Take the line containing "X148950000Y-115550000D02*" and every line after it to the end of the data, and write them out exactly as they appear.

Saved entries
-=-=-=-=-

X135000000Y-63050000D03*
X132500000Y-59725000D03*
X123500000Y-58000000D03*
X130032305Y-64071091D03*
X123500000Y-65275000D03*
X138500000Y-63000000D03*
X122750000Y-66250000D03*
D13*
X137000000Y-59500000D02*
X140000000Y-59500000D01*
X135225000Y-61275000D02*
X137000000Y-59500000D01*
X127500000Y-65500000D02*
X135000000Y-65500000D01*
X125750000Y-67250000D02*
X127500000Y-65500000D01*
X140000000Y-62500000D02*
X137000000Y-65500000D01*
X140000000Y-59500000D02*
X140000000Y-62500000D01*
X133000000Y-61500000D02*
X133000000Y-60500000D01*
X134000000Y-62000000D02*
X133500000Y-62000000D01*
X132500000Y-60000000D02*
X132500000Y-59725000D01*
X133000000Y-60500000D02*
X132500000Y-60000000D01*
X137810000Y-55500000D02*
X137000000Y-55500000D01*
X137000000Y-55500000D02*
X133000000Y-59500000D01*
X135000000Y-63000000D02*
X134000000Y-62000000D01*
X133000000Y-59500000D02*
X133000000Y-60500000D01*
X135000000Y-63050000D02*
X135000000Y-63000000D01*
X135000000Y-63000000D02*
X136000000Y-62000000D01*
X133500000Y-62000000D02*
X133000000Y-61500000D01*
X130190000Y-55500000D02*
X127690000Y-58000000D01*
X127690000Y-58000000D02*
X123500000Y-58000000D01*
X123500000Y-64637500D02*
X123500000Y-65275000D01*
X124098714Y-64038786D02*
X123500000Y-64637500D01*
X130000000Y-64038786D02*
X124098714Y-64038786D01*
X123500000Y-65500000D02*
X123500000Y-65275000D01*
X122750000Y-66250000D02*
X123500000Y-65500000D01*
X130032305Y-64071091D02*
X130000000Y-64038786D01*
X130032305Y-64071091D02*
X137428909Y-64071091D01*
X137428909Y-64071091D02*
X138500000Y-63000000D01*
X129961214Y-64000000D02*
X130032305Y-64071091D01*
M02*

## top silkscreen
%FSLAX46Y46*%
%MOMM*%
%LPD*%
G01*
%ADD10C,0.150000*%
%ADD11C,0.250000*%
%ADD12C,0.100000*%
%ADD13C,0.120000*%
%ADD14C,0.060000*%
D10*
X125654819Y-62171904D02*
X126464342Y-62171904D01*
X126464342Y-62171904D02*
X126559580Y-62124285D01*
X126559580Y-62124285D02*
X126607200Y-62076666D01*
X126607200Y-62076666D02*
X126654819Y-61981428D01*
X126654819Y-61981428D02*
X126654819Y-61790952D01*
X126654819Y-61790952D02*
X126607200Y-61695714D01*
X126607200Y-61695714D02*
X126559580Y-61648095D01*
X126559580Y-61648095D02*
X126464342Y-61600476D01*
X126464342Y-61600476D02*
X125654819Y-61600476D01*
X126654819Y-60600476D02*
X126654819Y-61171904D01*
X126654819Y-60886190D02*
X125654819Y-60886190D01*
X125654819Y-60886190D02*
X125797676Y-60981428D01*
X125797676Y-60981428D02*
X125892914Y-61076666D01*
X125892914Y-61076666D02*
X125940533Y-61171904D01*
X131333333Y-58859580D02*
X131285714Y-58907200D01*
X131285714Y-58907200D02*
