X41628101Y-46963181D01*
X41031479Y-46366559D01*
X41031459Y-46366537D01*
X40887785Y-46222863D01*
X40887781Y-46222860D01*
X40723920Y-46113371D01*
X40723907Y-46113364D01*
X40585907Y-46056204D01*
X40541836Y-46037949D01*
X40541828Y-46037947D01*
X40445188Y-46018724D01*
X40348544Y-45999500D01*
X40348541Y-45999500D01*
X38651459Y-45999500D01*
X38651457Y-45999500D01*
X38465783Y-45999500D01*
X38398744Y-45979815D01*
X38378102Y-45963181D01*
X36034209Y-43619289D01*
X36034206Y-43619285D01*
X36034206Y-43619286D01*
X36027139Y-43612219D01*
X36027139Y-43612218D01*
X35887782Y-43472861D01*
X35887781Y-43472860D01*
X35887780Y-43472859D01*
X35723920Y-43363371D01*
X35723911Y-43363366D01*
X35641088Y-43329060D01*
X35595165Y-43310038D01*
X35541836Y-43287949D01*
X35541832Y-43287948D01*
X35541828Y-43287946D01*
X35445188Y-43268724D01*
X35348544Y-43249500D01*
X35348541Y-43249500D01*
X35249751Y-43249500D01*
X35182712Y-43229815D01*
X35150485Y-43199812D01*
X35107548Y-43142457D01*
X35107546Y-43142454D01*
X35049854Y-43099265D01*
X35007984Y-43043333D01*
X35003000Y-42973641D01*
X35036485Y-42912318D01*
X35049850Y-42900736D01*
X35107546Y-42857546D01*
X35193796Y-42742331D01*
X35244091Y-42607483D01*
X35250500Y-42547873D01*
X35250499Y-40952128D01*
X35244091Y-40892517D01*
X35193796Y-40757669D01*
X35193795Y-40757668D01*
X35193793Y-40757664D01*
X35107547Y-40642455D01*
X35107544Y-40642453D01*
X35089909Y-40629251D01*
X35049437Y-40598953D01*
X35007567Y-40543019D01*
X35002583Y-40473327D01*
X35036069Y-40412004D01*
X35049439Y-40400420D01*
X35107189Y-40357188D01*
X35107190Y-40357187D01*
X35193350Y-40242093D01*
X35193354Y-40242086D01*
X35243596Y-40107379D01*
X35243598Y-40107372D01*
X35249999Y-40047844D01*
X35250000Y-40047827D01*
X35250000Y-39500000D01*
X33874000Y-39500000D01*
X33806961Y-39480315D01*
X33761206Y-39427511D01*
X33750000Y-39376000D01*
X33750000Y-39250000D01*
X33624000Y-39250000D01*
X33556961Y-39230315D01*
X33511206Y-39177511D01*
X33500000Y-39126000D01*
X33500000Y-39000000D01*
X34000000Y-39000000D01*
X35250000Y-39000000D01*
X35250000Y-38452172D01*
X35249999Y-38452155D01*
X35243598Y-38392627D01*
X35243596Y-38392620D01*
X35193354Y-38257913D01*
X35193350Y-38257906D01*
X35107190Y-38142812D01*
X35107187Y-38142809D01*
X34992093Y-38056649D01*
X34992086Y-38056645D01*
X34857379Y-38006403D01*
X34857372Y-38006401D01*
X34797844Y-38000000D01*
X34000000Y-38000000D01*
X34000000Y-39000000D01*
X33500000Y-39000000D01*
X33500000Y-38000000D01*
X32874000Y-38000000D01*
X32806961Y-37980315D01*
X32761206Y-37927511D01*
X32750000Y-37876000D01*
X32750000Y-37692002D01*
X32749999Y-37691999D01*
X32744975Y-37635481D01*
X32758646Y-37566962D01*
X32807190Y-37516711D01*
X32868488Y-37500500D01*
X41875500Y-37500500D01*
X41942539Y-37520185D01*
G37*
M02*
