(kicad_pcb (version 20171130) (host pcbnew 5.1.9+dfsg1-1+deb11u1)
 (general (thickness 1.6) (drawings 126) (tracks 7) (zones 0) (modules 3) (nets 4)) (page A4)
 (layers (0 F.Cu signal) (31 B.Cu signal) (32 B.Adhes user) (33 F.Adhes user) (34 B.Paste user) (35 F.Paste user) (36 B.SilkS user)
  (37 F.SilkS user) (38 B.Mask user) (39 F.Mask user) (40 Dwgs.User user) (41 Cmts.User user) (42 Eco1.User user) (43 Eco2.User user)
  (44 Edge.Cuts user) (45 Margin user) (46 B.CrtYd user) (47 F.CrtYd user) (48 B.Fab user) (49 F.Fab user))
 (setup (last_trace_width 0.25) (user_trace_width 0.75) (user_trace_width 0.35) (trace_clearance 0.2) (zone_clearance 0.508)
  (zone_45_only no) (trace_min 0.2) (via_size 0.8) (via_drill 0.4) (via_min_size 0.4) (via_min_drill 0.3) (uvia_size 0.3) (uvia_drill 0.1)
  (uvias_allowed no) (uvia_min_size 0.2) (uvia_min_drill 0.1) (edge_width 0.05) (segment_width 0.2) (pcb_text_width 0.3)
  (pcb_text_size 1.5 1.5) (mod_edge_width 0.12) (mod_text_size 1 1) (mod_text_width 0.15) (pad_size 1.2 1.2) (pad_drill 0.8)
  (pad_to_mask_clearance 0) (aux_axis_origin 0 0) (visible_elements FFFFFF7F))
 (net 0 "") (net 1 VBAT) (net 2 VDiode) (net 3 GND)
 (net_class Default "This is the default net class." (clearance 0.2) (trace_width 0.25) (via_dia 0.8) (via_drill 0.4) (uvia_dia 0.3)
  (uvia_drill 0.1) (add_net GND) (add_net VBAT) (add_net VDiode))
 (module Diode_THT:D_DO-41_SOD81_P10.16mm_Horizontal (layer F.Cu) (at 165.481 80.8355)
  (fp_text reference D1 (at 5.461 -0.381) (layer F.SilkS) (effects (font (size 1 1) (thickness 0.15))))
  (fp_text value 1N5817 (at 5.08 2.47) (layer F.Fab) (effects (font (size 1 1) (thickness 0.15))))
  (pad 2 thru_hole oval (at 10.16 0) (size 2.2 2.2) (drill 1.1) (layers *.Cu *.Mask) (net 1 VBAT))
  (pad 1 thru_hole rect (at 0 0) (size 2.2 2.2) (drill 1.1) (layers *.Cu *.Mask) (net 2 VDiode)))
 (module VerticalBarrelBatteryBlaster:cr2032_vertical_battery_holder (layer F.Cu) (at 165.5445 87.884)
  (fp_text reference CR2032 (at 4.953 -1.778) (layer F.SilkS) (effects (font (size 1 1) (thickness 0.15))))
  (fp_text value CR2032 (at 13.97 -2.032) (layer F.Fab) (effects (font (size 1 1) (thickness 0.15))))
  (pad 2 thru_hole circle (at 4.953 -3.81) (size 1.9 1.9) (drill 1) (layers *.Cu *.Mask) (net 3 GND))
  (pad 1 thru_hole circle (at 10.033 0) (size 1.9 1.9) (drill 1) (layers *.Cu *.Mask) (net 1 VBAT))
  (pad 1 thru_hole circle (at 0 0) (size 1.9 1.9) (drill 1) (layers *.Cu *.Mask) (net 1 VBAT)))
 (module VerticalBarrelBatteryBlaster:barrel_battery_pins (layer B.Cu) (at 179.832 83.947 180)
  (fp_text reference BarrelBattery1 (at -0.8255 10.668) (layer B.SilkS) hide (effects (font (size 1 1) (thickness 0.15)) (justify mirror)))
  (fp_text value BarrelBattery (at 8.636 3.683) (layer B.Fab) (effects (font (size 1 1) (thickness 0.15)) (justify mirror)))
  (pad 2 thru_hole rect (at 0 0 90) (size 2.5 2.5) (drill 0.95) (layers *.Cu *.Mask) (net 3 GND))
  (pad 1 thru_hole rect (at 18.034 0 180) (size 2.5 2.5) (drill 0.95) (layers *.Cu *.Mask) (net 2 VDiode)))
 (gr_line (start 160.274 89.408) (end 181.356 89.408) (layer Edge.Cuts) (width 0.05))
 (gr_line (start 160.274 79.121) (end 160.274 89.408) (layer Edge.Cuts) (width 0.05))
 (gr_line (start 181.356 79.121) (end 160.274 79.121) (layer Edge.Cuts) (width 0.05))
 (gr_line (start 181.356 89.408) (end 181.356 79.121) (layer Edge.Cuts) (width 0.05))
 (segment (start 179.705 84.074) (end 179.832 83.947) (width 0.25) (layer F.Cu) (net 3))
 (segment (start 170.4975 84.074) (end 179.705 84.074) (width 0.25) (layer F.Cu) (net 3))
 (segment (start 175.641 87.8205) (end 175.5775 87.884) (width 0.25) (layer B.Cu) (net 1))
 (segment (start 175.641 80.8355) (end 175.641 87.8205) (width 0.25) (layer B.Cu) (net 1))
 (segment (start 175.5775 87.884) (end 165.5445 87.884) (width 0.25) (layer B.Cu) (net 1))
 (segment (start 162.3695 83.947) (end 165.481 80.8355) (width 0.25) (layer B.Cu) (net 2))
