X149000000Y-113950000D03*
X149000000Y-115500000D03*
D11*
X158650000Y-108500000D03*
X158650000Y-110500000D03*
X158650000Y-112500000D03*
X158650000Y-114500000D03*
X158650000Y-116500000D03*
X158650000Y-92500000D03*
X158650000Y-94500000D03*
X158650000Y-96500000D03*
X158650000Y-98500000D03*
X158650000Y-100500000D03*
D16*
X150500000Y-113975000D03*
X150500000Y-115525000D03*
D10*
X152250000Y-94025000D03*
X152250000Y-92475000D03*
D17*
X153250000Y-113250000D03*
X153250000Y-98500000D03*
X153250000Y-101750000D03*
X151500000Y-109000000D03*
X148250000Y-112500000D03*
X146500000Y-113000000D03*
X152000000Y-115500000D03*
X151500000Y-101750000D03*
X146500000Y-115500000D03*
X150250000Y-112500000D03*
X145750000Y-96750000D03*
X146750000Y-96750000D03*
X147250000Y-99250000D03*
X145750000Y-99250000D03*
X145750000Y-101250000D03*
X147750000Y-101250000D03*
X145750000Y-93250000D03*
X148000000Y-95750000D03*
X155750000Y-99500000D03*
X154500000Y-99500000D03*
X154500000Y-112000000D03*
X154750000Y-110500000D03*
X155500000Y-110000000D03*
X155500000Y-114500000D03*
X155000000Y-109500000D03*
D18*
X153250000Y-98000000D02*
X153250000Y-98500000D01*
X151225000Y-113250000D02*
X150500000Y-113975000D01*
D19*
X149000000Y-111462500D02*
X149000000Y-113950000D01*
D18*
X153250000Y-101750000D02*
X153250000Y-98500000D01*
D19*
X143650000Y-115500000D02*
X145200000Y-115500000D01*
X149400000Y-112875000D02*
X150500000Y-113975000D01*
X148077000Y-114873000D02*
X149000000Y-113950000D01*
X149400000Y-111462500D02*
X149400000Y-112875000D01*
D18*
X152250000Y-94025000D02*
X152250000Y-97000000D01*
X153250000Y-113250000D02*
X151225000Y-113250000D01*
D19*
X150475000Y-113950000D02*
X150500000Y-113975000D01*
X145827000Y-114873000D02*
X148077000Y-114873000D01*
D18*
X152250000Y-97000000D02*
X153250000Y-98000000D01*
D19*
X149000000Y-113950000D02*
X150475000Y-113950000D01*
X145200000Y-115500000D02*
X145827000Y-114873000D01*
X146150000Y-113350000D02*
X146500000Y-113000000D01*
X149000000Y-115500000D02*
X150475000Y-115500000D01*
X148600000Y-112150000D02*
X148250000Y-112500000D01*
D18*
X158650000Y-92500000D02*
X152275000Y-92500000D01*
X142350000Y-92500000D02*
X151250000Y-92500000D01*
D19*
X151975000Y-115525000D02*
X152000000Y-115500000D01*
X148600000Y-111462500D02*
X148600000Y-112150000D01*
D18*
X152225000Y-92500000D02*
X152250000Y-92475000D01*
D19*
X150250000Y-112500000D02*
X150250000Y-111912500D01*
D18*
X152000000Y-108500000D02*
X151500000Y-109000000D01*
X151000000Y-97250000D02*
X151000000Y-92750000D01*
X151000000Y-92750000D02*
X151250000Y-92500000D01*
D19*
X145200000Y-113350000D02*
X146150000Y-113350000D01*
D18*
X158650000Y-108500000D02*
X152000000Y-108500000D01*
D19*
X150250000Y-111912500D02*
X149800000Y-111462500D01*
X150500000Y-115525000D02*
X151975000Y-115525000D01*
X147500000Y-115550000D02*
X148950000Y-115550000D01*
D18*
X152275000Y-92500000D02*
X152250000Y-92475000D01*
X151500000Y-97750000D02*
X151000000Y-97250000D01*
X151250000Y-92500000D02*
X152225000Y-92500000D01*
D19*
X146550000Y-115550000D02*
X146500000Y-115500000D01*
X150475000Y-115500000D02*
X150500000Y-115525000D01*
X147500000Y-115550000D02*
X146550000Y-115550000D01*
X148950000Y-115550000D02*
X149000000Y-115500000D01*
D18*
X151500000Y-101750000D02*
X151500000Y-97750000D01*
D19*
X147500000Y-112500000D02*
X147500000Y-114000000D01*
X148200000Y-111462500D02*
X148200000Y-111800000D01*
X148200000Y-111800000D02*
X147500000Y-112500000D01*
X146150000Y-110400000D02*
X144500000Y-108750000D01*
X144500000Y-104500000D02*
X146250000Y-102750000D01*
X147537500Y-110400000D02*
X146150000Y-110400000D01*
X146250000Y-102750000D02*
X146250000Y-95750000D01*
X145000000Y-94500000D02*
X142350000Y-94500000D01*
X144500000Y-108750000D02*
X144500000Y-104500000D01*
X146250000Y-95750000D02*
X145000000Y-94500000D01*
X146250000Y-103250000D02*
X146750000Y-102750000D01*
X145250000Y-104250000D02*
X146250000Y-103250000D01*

-=-=-=-=-

### Reply:
X148950000Y-115550000D02*
X149000000Y-115500000D01*
D18*
X151500000Y-101750000D02*
X151500000Y-97750000D01*
D19*
X147500000Y-112500000D02*
X147500000Y-114000000D01*
X148200000Y-111462500D02*
X148200000Y-111800000D01*
X148200000Y-111800000D02*
X147500000Y-112500000D01*
X146150000Y-110400000D02*
X144500000Y-108750000D01*
X144500000Y-104500000D02*
X146250000Y-102750000D01*
X147537500Y-110400000D02*
X146150000Y-110400000D01*
X146250000Y-102750000D02*
X146250000Y-95750000D01*
X145000000Y-94500000D02*
X142350000Y-94500000D01*
X144500000Y-108750000D02*
X144500000Y-104500000D01*
X146250000Y-95750000D02*
X145000000Y-94500000D01*
X146250000Y-103250000D02*
X146750000Y-102750000D01*
X145250000Y-104250000D02*
X146250000Y-103250000D01*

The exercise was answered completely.